# Good Suburbs to live in Auckland for young family



## jarred11

HI,

Am currently relocating back to NZ, and am querying as to what would be ideal areas to live in Auckland.
Have been looking in Waitakere region & North Shore and also Pukekohe area

Have never lived in Auckland so any advise would be much appreciated

I am 30, Partner is 28 with Kids Girl - 6 & Boy 5.
It would be sons first year at school, so looking for good schools also

Thanks in advance


----------



## expatrocket

Hi, Welcome back to NZ !

The answer to your question depends on your circumstances
Are you buying or renting?
Do you know where you and/or your wife be working? 
Will you have a car or will you rely heavily on public transport? (Auckland is lacking in this area)

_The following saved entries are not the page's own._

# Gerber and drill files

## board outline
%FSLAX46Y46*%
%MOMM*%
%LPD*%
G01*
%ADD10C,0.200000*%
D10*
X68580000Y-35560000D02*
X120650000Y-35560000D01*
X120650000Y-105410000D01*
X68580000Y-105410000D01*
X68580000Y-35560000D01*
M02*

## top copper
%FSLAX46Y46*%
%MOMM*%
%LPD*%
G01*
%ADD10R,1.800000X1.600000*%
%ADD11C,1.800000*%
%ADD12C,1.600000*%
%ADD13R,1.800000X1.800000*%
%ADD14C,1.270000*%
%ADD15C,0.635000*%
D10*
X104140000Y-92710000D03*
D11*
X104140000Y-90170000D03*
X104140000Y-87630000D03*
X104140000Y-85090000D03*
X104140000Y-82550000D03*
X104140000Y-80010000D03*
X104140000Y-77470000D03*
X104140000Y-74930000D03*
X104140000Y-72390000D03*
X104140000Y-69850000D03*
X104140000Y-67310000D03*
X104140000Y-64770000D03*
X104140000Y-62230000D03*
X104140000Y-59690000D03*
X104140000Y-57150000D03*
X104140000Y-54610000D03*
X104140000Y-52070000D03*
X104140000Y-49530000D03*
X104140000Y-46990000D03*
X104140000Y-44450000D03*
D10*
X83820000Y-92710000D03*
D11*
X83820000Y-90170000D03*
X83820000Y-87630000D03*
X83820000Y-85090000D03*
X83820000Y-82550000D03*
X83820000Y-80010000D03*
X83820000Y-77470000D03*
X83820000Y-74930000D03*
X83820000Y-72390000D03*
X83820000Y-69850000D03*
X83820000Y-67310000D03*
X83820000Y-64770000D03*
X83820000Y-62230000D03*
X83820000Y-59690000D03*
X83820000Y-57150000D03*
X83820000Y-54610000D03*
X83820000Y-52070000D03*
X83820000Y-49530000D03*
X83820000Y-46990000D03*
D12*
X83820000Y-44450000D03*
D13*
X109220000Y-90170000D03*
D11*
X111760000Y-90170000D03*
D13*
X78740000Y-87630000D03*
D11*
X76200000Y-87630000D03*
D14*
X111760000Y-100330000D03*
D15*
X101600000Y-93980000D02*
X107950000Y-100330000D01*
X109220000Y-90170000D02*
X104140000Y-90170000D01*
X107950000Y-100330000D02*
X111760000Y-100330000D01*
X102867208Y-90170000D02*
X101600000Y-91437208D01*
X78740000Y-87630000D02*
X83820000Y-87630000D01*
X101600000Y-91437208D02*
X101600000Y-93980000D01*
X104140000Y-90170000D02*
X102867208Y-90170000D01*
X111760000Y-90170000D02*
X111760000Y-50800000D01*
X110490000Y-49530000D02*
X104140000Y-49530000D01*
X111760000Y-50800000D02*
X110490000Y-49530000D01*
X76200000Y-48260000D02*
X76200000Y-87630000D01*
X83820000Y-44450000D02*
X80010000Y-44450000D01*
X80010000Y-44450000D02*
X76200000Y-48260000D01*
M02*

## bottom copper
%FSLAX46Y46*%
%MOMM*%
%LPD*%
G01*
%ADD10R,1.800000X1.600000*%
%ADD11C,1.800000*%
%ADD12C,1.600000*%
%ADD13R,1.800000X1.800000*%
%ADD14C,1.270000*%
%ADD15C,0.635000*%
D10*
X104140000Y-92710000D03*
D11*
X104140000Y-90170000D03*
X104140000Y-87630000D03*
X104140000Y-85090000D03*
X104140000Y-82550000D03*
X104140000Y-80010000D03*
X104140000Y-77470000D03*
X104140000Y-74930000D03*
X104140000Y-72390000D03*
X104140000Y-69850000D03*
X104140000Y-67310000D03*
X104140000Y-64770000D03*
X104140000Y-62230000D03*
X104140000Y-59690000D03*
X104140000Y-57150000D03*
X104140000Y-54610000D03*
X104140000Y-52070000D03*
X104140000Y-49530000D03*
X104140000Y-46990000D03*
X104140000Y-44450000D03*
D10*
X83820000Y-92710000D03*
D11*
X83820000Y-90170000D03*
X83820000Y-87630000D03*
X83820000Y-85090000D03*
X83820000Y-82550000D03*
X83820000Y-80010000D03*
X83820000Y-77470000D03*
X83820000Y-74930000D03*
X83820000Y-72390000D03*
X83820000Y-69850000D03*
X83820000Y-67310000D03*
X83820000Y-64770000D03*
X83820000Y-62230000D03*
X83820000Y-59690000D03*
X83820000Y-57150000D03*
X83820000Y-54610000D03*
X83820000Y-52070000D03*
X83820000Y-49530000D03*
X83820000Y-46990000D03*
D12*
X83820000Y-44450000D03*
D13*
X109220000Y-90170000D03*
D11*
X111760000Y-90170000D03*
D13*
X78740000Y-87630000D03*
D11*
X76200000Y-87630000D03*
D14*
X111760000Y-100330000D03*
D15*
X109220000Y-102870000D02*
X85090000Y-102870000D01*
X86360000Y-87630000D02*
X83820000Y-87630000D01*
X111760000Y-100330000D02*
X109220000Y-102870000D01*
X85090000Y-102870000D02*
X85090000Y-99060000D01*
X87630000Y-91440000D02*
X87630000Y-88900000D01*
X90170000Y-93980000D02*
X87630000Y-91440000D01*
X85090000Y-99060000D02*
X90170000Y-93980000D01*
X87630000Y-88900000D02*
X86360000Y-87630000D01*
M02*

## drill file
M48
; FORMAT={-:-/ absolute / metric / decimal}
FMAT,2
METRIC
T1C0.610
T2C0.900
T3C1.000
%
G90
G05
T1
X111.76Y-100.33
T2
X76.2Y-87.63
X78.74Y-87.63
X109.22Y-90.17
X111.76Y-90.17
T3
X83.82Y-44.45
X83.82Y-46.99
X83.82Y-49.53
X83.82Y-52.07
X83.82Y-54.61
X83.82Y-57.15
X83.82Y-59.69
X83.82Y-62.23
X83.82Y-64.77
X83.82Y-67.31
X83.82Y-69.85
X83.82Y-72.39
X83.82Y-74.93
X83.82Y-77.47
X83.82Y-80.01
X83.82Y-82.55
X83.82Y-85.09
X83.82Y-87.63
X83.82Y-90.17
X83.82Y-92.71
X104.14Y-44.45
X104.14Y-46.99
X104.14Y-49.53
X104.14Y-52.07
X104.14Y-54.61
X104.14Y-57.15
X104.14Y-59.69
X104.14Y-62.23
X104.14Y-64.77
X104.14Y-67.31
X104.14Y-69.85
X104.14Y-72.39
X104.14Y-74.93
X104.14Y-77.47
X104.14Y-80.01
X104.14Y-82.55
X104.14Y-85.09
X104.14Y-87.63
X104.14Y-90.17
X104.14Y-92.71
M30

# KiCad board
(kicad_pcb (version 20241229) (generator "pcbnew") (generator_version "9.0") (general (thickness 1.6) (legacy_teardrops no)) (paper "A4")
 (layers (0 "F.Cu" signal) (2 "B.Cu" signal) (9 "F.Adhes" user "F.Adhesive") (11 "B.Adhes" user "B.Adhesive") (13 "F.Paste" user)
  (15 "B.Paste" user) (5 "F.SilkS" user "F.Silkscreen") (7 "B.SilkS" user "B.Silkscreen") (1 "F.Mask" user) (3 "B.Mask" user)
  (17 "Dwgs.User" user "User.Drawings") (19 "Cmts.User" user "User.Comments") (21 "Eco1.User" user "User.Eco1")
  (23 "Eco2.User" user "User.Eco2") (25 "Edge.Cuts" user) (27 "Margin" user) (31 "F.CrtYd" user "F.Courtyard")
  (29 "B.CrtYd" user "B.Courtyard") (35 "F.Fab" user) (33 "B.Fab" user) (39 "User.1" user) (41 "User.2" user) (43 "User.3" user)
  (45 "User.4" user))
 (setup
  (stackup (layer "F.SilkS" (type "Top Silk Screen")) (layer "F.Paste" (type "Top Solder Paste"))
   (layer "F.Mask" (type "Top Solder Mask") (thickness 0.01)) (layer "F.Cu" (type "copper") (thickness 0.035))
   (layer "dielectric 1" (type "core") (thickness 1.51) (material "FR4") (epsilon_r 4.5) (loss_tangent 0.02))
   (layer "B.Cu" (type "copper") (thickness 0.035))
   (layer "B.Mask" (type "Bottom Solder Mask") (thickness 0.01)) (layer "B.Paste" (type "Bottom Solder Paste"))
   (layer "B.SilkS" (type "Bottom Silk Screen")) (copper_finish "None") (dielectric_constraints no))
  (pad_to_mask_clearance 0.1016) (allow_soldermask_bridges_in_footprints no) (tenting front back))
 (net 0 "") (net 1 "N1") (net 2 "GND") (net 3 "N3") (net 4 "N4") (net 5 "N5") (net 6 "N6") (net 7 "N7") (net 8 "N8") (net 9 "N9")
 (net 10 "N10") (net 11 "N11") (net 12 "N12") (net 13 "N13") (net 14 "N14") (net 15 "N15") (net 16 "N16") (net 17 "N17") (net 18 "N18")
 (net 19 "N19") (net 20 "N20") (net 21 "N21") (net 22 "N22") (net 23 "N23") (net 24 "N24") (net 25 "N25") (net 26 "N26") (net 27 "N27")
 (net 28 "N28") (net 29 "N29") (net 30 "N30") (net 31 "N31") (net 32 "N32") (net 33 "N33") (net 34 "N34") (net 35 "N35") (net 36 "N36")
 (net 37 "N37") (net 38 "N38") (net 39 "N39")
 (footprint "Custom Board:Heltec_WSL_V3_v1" (layer "F.Cu") (at 93.98 72.39)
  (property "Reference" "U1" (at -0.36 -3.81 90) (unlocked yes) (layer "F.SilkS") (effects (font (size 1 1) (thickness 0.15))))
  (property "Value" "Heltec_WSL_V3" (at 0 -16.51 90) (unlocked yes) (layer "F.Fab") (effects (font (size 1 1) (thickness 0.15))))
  (pad "1" thru_hole rect (at 10.16 20.32) (size 1.8 1.6) (drill 1) (layers "*.Cu" "*.Mask") (remove_unused_layers no) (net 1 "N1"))
  (pad "2" thru_hole circle (at 10.16 17.78 270) (size 1.8 1.8) (drill 1) (layers "*.Cu" "*.Mask") (remove_unused_layers no) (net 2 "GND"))
  (pad "3" thru_hole circle (at 10.16 15.24 270) (size 1.8 1.8) (drill 1) (layers "*.Cu" "*.Mask") (remove_unused_layers no) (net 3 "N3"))
  (pad "4" thru_hole circle (at 10.16 12.7 270) (size 1.8 1.8) (drill 1) (layers "*.Cu" "*.Mask") (remove_unused_layers no) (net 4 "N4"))
  (pad "5" thru_hole circle (at 10.16 10.16 270) (size 1.8 1.8) (drill 1) (layers "*.Cu" "*.Mask") (remove_unused_layers no) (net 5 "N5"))
  (pad "6" thru_hole circle (at 10.16 7.62 270) (size 1.8 1.8) (drill 1) (layers "*.Cu" "*.Mask") (remove_unused_layers no) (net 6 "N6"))
  (pad "7" thru_hole circle (at 10.16 5.08 270) (size 1.8 1.8) (drill 1) (layers "*.Cu" "*.Mask") (remove_unused_layers no) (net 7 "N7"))
  (pad "8" thru_hole circle (at 10.16 2.54 270) (size 1.8 1.8) (drill 1) (layers "*.Cu" "*.Mask") (remove_unused_layers no) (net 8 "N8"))
  (pad "9" thru_hole circle (at 10.16 0 270) (size 1.8 1.8) (drill 1) (layers "*.Cu" "*.Mask") (remove_unused_layers no) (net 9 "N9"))
  (pad "10" thru_hole circle (at 10.16 -2.54 270) (size 1.8 1.8) (drill 1) (layers "*.Cu" "*.Mask") (remove_unused_layers no) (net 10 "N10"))
  (pad "11" thru_hole circle (at 10.16 -5.08 270) (size 1.8 1.8) (drill 1) (layers "*.Cu" "*.Mask") (remove_unused_layers no) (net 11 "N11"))
  (pad "12" thru_hole circle (at 10.16 -7.62 270) (size 1.8 1.8) (drill 1) (layers "*.Cu" "*.Mask") (remove_unused_layers no) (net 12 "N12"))
  (pad "13" thru_hole circle (at 10.16 -10.16 270) (size 1.8 1.8) (drill 1) (layers "*.Cu" "*.Mask") (remove_unused_layers no)
   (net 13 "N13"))
  (pad "14" thru_hole circle (at 10.16 -12.7 270) (size 1.8 1.8) (drill 1) (layers "*.Cu" "*.Mask") (remove_unused_layers no) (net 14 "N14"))
  (pad "15" thru_hole circle (at 10.16 -15.24 270) (size 1.8 1.8) (drill 1) (layers "*.Cu" "*.Mask") (remove_unused_layers no)
   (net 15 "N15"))
  (pad "16" thru_hole circle (at 10.16 -17.78 270) (size 1.8 1.8) (drill 1) (layers "*.Cu" "*.Mask") (remove_unused_layers no)
   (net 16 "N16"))
  (pad "17" thru_hole circle (at 10.16 -20.32 270) (size 1.8 1.8) (drill 1) (layers "*.Cu" "*.Mask") (remove_unused_layers no)
   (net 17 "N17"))
  (pad "18" thru_hole circle (at 10.16 -22.86 270) (size 1.8 1.8) (drill 1) (layers "*.Cu" "*.Mask") (remove_unused_layers no)
   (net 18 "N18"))
  (pad "19" thru_hole circle (at 10.16 -25.4 270) (size 1.8 1.8) (drill 1) (layers "*.Cu" "*.Mask") (remove_unused_layers no) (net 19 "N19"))
  (pad "20" thru_hole circle (at 10.16 -27.94 270) (size 1.8 1.8) (drill 1) (layers "*.Cu" "*.Mask") (remove_unused_layers no)
   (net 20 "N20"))
  (pad "21" thru_hole rect (at -10.16 20.32) (size 1.8 1.6) (drill 1) (layers "*.Cu" "*.Mask") (remove_unused_layers no) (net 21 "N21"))
  (pad "22" thru_hole circle (at -10.16 17.78 270) (size 1.8 1.8) (drill 1) (layers "*.Cu" "*.Mask") (remove_unused_layers no)
   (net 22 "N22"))
  (pad "23" thru_hole circle (at -10.16 15.24 270) (size 1.8 1.8) (drill 1) (layers "*.Cu" "*.Mask") (remove_unused_layers no) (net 2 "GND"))
  (pad "24" thru_hole circle (at -10.16 12.7 270) (size 1.8 1.8) (drill 1) (layers "*.Cu" "*.Mask") (remove_unused_layers no) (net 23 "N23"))
  (pad "25" thru_hole circle (at -10.16 10.16 270) (size 1.8 1.8) (drill 1) (layers "*.Cu" "*.Mask") (remove_unused_layers no)
   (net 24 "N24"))
  (pad "26" thru_hole circle (at -10.16 7.62 270) (size 1.8 1.8) (drill 1) (layers "*.Cu" "*.Mask") (remove_unused_layers no) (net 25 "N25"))
  (pad "27" thru_hole circle (at -10.16 5.08 270) (size 1.8 1.8) (drill 1) (layers "*.Cu" "*.Mask") (remove_unused_layers no) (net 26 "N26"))
  (pad "28" thru_hole circle (at -10.16 2.54 270) (size 1.8 1.8) (drill 1) (layers "*.Cu" "*.Mask") (remove_unused_layers no) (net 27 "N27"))
  (pad "29" thru_hole circle (at -10.16 0 270) (size 1.8 1.8) (drill 1) (layers "*.Cu" "*.Mask") (remove_unused_layers no) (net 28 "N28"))
  (pad "30" thru_hole circle (at -10.16 -2.54 270) (size 1.8 1.8) (drill 1) (layers "*.Cu" "*.Mask") (remove_unused_layers no)
   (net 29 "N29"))
  (pad "31" thru_hole circle (at -10.16 -5.08 270) (size 1.8 1.8) (drill 1) (layers "*.Cu" "*.Mask") (remove_unused_layers no)
   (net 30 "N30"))
  (pad "32" thru_hole circle (at -10.16 -7.62 270) (size 1.8 1.8) (drill 1) (layers "*.Cu" "*.Mask") (remove_unused_layers no)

There are good places out west, and pukekohe is good but depending on the above will depend on where would be good for your family.

Happy to help when you can give some more details 

Where in NZ did you live before? Maybe there is something similar in AKL we could suggest?


----------



## jarred11

expatrocket said:


> Hi, Welcome back to NZ !
> 
> The answer to your question depends on your circumstances
> Are you buying or renting?
> Do you know where you and/or your wife be working?
> Will you have a car or will you rely heavily on public transport? (Auckland is lacking in this area)
> 
> There are good places out west, and pukekohe is good but depending on the above will depend on where would be good for your family.
> 
> Happy to help when you can give some more details
> 
> Where in NZ did you live before? Maybe there is something similar in AKL we could suggest?


Hi expatrocket,

Thank you very much for your reply.
In regards to your questions, we will be renting to start off.
we will have our own vehicle, and work is actually based in Pukekohe.

Would you say Pukekohe is good in regards to location/schools/area etc.

Before we lived in Australia we originally came from Rotorua

Thanks for your help


----------